Pilotprojekt MobiPro EU

Mit dem Projekt „MobiPro EU“ erhalten Jugendliche aus Spanien, denen sich aufgrund der dortigen hohen Jugendarbeitslosigkeit aktuell keine berufliche Perspektive in ihrem Heimatland bietet, eine aussichtsreiche Zukunftsperspektive in Form einer dualen Ausbildung auf dem saarländischen Arbeitsmarkt.

Nicht nur für die jugendlichen Teilnehmer ist das Projekt eine Chance auf eine Zukunftsperspektive, auch das Saarland kann von ihnen profitieren. Viele Ausbildungsstellen, gerade im Handwerk, bleiben jedes Jahr unbesetzt. Der demografische Wandel und die Akademisierung unserer Jugend erschweren es den Betrieben zusehends, geeignete Auszubildende zu finden.

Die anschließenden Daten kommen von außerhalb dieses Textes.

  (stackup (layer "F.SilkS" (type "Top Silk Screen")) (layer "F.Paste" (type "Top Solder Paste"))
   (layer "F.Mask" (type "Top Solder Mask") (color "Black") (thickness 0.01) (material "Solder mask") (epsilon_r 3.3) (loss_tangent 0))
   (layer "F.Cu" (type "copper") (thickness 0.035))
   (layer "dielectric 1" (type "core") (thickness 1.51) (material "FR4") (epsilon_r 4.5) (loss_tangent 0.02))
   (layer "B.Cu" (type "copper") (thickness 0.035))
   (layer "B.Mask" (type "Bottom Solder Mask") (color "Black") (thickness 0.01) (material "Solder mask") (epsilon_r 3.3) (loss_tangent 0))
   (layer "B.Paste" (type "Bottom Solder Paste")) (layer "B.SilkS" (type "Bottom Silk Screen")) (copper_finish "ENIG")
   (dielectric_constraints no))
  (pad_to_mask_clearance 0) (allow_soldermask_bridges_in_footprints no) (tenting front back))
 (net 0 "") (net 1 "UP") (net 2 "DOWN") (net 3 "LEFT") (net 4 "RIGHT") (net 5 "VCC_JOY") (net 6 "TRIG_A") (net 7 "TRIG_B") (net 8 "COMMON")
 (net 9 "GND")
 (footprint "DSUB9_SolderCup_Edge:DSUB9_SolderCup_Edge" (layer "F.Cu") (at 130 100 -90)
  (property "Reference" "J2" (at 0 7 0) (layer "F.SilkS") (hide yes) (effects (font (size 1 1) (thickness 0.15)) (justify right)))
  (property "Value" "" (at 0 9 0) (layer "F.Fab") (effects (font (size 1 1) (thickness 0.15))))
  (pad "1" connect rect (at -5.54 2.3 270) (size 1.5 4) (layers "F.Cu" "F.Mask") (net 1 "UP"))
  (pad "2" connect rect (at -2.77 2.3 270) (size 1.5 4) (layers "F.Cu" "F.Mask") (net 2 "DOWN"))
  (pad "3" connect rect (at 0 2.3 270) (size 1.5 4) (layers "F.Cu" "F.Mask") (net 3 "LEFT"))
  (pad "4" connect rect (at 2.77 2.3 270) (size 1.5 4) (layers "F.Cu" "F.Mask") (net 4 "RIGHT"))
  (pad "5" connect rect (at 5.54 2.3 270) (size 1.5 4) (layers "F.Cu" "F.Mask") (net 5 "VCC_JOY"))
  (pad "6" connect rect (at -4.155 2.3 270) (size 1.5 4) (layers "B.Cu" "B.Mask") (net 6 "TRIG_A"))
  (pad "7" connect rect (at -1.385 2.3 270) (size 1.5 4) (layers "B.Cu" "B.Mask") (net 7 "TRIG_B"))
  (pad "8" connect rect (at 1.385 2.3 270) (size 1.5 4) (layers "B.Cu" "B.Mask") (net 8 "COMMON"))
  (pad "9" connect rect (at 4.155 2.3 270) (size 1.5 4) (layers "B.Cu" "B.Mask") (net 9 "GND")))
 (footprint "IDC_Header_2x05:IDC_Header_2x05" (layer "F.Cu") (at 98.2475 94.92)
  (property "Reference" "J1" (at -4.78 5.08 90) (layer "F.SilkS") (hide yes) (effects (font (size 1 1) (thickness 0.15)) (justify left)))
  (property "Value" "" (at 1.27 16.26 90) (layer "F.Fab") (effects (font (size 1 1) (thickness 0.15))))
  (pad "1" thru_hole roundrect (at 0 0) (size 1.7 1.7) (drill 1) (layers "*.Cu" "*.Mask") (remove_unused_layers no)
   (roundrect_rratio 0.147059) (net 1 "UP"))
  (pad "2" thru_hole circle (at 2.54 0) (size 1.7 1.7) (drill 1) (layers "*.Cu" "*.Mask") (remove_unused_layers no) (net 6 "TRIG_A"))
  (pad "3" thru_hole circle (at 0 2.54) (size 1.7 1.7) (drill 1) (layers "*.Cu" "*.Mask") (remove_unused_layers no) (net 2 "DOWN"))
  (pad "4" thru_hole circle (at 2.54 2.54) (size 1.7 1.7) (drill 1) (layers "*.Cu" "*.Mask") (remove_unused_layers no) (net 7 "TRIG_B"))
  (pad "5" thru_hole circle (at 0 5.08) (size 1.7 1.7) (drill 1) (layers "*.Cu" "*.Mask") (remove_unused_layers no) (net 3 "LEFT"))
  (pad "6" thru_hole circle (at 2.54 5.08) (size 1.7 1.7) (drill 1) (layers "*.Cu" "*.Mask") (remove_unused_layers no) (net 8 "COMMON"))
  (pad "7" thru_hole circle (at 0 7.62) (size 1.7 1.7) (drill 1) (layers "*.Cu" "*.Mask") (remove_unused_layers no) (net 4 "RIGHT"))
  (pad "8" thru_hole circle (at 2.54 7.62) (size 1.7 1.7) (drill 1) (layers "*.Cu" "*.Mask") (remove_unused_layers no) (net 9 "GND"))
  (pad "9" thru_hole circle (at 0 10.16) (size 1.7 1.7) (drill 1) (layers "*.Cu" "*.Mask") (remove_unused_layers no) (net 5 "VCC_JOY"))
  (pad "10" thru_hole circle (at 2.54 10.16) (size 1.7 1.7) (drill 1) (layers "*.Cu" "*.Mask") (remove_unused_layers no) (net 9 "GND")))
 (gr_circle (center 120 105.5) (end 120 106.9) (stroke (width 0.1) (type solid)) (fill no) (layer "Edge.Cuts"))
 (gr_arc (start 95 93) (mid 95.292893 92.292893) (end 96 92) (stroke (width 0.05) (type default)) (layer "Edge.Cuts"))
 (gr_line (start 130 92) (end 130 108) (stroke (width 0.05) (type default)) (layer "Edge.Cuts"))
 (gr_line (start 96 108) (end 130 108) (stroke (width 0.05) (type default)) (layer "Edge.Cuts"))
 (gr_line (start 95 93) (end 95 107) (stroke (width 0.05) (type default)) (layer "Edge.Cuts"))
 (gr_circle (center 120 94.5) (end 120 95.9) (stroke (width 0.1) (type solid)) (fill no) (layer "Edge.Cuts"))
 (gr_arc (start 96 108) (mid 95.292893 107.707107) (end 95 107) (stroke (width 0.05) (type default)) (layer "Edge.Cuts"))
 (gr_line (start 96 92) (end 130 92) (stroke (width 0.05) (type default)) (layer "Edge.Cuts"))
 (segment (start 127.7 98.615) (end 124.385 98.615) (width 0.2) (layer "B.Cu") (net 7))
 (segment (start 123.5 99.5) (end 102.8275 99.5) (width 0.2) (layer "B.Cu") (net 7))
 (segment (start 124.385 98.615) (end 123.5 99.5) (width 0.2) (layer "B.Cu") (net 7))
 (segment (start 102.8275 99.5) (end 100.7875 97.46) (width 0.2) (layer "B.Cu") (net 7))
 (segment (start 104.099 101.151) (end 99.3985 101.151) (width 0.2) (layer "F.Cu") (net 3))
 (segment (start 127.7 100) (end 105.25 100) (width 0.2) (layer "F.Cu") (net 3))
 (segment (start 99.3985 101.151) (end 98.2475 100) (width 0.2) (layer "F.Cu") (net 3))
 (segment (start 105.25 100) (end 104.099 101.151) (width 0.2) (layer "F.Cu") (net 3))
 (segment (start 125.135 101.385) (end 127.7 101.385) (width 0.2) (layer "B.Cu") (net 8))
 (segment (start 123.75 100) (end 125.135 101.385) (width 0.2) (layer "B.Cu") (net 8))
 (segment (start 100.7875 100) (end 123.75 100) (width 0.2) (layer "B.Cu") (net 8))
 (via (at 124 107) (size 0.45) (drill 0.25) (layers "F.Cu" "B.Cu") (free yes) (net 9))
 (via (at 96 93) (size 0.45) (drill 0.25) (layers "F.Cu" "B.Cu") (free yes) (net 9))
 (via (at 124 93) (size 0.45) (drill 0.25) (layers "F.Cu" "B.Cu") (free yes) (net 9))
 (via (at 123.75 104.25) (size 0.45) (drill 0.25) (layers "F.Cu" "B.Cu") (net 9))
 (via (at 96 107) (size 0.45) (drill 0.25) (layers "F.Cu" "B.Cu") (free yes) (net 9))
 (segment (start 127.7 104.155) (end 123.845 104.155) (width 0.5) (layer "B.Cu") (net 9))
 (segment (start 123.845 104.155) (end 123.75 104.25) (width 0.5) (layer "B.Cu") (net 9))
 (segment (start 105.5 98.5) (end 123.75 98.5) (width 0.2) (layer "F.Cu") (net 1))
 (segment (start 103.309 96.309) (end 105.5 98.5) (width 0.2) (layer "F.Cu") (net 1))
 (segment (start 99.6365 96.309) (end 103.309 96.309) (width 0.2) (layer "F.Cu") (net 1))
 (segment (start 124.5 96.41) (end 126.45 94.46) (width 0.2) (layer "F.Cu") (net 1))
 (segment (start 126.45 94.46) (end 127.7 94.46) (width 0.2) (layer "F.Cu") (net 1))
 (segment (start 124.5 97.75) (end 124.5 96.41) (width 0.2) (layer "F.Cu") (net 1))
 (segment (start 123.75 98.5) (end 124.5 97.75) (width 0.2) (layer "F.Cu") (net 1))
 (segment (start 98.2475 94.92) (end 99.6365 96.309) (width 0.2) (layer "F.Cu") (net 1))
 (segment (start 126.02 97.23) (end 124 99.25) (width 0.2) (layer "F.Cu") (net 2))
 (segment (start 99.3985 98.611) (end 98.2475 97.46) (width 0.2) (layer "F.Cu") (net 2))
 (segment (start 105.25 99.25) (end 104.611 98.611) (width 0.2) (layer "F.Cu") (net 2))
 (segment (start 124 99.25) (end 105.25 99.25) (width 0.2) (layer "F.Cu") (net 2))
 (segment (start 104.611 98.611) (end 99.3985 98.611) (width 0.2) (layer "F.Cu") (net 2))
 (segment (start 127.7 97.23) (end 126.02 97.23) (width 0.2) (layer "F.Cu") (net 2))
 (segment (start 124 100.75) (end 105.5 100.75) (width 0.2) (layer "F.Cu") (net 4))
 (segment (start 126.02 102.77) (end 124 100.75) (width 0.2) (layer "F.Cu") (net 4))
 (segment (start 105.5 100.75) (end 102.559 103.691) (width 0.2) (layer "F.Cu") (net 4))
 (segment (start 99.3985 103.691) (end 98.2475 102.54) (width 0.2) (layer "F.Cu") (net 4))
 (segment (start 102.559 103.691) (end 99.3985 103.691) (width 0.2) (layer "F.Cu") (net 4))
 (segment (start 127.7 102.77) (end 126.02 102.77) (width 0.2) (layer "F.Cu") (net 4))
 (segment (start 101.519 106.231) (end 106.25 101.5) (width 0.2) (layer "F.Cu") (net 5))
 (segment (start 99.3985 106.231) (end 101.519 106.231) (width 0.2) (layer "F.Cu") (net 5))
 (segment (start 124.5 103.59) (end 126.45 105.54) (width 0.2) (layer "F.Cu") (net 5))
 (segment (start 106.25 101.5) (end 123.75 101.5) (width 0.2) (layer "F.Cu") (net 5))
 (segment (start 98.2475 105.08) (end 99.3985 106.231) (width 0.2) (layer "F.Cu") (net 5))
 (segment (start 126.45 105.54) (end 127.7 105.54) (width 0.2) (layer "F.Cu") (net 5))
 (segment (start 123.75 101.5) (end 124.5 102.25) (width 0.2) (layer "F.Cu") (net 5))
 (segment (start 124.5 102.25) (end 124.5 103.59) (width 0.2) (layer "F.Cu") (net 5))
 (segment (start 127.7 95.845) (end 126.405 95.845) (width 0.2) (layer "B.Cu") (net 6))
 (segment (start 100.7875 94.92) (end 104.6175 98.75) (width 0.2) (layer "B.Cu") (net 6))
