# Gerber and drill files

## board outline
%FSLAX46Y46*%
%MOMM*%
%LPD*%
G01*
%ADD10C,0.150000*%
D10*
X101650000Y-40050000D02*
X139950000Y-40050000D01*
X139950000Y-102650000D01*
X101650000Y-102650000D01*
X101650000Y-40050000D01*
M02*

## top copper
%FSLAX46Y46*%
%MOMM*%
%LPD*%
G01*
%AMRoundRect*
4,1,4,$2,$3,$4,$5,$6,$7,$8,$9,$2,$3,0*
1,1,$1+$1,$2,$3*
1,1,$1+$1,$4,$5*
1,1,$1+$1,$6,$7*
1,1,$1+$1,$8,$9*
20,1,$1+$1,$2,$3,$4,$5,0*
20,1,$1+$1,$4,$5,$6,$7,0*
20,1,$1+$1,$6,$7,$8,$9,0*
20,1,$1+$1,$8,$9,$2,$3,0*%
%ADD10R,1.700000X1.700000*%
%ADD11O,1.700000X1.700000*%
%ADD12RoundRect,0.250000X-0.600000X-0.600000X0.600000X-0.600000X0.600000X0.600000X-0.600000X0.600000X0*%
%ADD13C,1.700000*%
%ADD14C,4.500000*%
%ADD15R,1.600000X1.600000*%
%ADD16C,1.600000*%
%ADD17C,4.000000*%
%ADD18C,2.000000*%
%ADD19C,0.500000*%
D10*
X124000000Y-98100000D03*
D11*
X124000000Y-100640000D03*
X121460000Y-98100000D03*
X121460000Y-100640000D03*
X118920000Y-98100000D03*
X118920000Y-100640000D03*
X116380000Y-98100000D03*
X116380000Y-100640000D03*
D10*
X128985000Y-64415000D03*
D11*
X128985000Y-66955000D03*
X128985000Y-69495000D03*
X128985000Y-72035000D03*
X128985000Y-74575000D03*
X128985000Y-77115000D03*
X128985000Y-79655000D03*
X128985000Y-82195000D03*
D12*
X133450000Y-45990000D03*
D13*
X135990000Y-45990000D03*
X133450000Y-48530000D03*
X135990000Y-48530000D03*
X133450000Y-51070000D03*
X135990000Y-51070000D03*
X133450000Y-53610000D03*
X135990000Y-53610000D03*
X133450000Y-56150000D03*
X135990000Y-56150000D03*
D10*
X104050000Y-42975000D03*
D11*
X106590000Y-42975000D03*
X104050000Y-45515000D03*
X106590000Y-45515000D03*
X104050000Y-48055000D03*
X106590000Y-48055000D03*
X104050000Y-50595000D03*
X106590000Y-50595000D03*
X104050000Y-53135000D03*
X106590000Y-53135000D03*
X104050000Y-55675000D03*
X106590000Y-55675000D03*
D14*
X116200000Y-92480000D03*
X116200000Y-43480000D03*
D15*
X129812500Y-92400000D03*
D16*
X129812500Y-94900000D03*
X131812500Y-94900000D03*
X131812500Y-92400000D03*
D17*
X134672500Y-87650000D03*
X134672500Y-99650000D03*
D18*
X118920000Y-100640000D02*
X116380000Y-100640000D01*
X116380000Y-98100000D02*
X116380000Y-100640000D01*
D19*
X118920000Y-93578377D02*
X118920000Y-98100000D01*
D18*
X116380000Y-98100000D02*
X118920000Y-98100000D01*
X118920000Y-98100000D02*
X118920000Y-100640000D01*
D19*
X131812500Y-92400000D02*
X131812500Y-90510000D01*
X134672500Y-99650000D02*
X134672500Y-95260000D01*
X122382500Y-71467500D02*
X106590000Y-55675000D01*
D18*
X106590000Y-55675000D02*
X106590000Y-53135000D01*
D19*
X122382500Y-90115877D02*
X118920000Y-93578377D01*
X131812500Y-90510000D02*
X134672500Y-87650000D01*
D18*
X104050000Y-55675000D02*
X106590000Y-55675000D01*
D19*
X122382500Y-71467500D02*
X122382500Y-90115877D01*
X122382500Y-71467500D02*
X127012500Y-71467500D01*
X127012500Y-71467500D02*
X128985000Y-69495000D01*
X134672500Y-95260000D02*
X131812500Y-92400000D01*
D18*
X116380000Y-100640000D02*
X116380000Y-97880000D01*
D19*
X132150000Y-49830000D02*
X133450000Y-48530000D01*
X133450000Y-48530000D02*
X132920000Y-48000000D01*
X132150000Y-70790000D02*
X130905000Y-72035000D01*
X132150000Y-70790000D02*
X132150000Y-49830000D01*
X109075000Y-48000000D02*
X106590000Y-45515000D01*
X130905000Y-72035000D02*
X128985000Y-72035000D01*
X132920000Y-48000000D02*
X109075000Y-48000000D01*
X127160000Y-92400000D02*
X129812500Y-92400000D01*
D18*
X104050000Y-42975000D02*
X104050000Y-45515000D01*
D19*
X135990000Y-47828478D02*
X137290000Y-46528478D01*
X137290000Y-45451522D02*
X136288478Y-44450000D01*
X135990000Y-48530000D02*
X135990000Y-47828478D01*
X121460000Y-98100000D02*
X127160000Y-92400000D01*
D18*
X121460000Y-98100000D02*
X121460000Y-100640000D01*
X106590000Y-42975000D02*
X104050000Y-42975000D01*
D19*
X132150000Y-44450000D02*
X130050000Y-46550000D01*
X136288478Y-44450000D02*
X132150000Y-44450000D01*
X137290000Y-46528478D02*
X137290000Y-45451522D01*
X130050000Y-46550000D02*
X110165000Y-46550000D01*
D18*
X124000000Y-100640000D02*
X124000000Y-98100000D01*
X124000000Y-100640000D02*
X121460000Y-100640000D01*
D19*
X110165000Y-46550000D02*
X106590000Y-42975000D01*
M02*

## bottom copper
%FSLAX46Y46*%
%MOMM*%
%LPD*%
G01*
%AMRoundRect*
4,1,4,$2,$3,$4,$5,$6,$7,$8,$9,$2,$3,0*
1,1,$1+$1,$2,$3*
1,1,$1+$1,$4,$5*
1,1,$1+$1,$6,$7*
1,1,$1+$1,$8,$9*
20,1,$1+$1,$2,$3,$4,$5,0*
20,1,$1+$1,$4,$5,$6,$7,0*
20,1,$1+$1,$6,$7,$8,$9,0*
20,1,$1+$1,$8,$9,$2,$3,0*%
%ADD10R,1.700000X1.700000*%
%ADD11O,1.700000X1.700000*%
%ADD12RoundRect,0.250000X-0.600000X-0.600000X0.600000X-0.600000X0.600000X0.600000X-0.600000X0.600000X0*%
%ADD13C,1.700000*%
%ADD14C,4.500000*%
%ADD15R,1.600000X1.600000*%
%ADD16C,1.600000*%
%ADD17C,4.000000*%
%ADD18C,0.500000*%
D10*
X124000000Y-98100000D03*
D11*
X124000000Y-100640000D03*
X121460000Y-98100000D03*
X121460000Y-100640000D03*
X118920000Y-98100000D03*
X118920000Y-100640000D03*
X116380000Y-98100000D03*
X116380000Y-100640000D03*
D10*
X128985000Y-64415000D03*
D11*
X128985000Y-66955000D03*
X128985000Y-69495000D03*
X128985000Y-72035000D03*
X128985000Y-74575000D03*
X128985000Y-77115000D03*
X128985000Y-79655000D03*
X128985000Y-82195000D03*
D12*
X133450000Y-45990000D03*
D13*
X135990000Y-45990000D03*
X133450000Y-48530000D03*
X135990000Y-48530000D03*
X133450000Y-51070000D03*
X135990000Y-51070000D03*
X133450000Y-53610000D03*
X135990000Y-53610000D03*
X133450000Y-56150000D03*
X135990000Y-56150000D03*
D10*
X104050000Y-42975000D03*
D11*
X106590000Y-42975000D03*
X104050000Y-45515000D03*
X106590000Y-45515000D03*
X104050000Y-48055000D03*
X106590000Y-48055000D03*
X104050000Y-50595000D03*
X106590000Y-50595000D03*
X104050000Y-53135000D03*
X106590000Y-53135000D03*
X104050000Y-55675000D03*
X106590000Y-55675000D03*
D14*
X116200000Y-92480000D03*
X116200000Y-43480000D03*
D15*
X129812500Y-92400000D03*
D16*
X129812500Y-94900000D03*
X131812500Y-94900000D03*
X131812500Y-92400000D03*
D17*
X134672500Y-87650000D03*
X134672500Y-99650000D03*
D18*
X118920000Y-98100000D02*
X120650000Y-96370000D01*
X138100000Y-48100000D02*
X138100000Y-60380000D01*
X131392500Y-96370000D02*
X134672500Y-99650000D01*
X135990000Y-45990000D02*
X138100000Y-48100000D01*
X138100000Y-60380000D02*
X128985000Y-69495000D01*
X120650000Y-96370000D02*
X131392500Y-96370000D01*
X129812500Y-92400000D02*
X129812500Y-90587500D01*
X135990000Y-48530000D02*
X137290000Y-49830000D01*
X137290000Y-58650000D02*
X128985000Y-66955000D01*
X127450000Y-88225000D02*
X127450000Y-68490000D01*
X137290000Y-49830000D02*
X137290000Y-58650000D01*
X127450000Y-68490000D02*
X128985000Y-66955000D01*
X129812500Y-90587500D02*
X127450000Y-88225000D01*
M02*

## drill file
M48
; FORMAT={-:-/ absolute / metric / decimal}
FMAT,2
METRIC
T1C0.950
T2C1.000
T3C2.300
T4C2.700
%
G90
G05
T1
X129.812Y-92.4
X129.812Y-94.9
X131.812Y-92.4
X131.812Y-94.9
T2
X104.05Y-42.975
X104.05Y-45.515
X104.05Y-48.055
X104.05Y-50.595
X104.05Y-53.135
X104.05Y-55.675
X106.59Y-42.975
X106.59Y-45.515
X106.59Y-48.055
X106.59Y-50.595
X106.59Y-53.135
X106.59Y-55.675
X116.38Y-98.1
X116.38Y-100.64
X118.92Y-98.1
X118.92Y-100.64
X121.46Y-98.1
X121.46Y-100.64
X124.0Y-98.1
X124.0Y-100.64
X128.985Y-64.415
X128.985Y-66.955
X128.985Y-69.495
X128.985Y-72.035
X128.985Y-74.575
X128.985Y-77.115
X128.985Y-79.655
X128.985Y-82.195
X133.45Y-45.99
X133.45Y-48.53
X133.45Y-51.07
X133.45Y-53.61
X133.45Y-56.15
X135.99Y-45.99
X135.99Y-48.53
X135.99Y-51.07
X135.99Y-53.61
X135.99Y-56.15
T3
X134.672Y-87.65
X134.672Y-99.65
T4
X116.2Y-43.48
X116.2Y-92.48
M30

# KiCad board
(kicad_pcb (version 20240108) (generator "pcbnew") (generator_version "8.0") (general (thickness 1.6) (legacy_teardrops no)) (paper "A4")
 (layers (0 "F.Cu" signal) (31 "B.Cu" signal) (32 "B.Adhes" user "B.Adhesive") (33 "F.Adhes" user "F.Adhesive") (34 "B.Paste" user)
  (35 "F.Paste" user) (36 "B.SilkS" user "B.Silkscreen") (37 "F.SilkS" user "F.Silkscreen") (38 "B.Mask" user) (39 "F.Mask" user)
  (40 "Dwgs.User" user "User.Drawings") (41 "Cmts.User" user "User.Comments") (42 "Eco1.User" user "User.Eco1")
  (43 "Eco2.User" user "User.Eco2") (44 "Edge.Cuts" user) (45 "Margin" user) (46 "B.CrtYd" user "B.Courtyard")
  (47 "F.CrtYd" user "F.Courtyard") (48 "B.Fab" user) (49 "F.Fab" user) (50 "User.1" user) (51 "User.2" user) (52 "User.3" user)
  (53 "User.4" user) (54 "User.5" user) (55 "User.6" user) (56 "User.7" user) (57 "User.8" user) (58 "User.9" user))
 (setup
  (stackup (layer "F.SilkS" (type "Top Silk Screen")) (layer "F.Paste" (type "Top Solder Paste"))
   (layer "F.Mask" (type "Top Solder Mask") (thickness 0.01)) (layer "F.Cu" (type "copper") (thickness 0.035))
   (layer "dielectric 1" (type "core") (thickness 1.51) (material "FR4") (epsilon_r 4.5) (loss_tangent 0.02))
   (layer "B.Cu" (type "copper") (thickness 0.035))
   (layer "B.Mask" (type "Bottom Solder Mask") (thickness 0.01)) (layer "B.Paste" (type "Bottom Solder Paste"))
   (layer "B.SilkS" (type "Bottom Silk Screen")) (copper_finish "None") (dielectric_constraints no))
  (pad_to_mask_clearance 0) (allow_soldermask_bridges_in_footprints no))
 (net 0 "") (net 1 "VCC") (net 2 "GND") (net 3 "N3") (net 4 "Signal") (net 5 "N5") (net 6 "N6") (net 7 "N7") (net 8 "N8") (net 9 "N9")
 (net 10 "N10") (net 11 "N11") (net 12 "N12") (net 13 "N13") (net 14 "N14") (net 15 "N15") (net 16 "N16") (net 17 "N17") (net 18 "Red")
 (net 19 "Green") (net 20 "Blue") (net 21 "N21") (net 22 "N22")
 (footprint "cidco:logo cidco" (layer "F.Cu") (at 113.75 73.78)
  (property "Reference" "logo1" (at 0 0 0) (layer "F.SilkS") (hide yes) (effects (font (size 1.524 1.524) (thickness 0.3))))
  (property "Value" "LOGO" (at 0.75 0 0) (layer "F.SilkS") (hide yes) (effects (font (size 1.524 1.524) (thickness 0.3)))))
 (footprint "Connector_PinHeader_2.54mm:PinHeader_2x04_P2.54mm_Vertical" (layer "F.Cu") (at 124 98.1 -90)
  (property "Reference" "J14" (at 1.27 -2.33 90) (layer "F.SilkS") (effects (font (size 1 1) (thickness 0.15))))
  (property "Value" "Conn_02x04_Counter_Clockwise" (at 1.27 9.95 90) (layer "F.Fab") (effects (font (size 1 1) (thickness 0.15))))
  (pad "1" thru_hole rect (at 0 0 270) (size 1.7 1.7) (drill 1) (layers "*.Cu" "*.Mask") (remove_unused_layers no) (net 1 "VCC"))
  (pad "2" thru_hole oval (at 2.54 0 270) (size 1.7 1.7) (drill 1) (layers "*.Cu" "*.Mask") (remove_unused_layers no) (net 1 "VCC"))
  (pad "3" thru_hole oval (at 0 2.54 270) (size 1.7 1.7) (drill 1) (layers "*.Cu" "*.Mask") (remove_unused_layers no) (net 1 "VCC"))
  (pad "4" thru_hole oval (at 2.54 2.54 270) (size 1.7 1.7) (drill 1) (layers "*.Cu" "*.Mask") (remove_unused_layers no) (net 1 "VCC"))
  (pad "5" thru_hole oval (at 0 5.08 270) (size 1.7 1.7) (drill 1) (layers "*.Cu" "*.Mask") (remove_unused_layers no) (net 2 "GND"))
  (pad "6" thru_hole oval (at 2.54 5.08 270) (size 1.7 1.7) (drill 1) (layers "*.Cu" "*.Mask") (remove_unused_layers no) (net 2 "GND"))
  (pad "7" thru_hole oval (at 0 7.62 270) (size 1.7 1.7) (drill 1) (layers "*.Cu" "*.Mask") (remove_unused_layers no) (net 2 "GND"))
  (pad "8" thru_hole oval (at 2.54 7.62 270) (size 1.7 1.7) (drill 1) (layers "*.Cu" "*.Mask") (remove_unused_layers no) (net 2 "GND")))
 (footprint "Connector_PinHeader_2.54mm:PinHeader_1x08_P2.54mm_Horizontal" (layer "F.Cu") (at 128.985 64.415)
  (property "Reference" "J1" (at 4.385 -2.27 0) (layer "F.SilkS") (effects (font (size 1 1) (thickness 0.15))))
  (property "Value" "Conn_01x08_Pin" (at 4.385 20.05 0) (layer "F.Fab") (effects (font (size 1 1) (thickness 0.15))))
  (pad "1" thru_hole rect (at 0 0) (size 1.7 1.7) (drill 1) (layers "*.Cu" "*.Mask") (remove_unused_layers no) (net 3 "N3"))
  (pad "2" thru_hole oval (at 0 2.54) (size 1.7 1.7) (drill 1) (layers "*.Cu" "*.Mask") (remove_unused_layers no) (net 1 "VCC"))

Im Jahr 2015 startete das erste MobiPro EU Pilotprojekt der SHS Foundation mit 20 spanischen TeilnehmerInnen aus dem Raum Alicante, die eine duale Ausbildung in einem von ihnen gewünschten Beruf im Saarland aufnahmen. Im Januar 2016 konnten 33 weitere junge SpanierInnen aus Andalusien eine duale Ausbildung im Saarland antreten.

Die TeilnehmerInnen absolvierten ihre Ausbildung in den verschiedensten Berufen und Branchen, wie z. B. in der Lagerlogistik, im Hotelgewerbe und der Gastronomie, der Lebensmittelbranche und im Einzelhandel. Die Mehrheit der AbsolventenInnen ist nach Ausbildungsabschluss nahtlos in eine Vollzeitbeschäftigung im Ausbildungsbetrieb übergegangen, andere kehrte zurück nach Spanien, um sich dort beruflich neu zu orientieren.

Pilotprojekt Job Developer

Mit dem Ziel, das Minipreneure-Konzept international zu verankern und länderspezifische Adaptionen der entwickelten Instrumente zu testen, wurde im Herbst 2015 das Projekt „Job Developer“ initiiert. Hierbei handelt es sich um ein europäisch gefördertes Erasmus+ Kooperationsprojekt des Minipreneure Zentrums mit der Ruhr-Universität Bochum und fünf Partnergesellschaften aus Bulgarien, Griechenland, Litauen, Spanien und Ungarn. Ziel des auf drei Jahre angelegten Vorhabens war es, in jedem der fünf Partnerländer „Job Developer“ zu finden und auszubilden, die Arbeitsperspektiven für junge Menschen in ihrer Region schaffen. Von 2015 bis 2018 entwickelte das Projektteam ein aus fünf Selbstlernmodulen bestehendes Zertifizierungsprogramm in englischer und deutscher Sprache, mit dem sich erfahrene Berufstätige zu Beratern weiterbilden können, um arbeitssuchende Jugendliche auf dem Weg in die Selbstständigkeit zu unterstützen.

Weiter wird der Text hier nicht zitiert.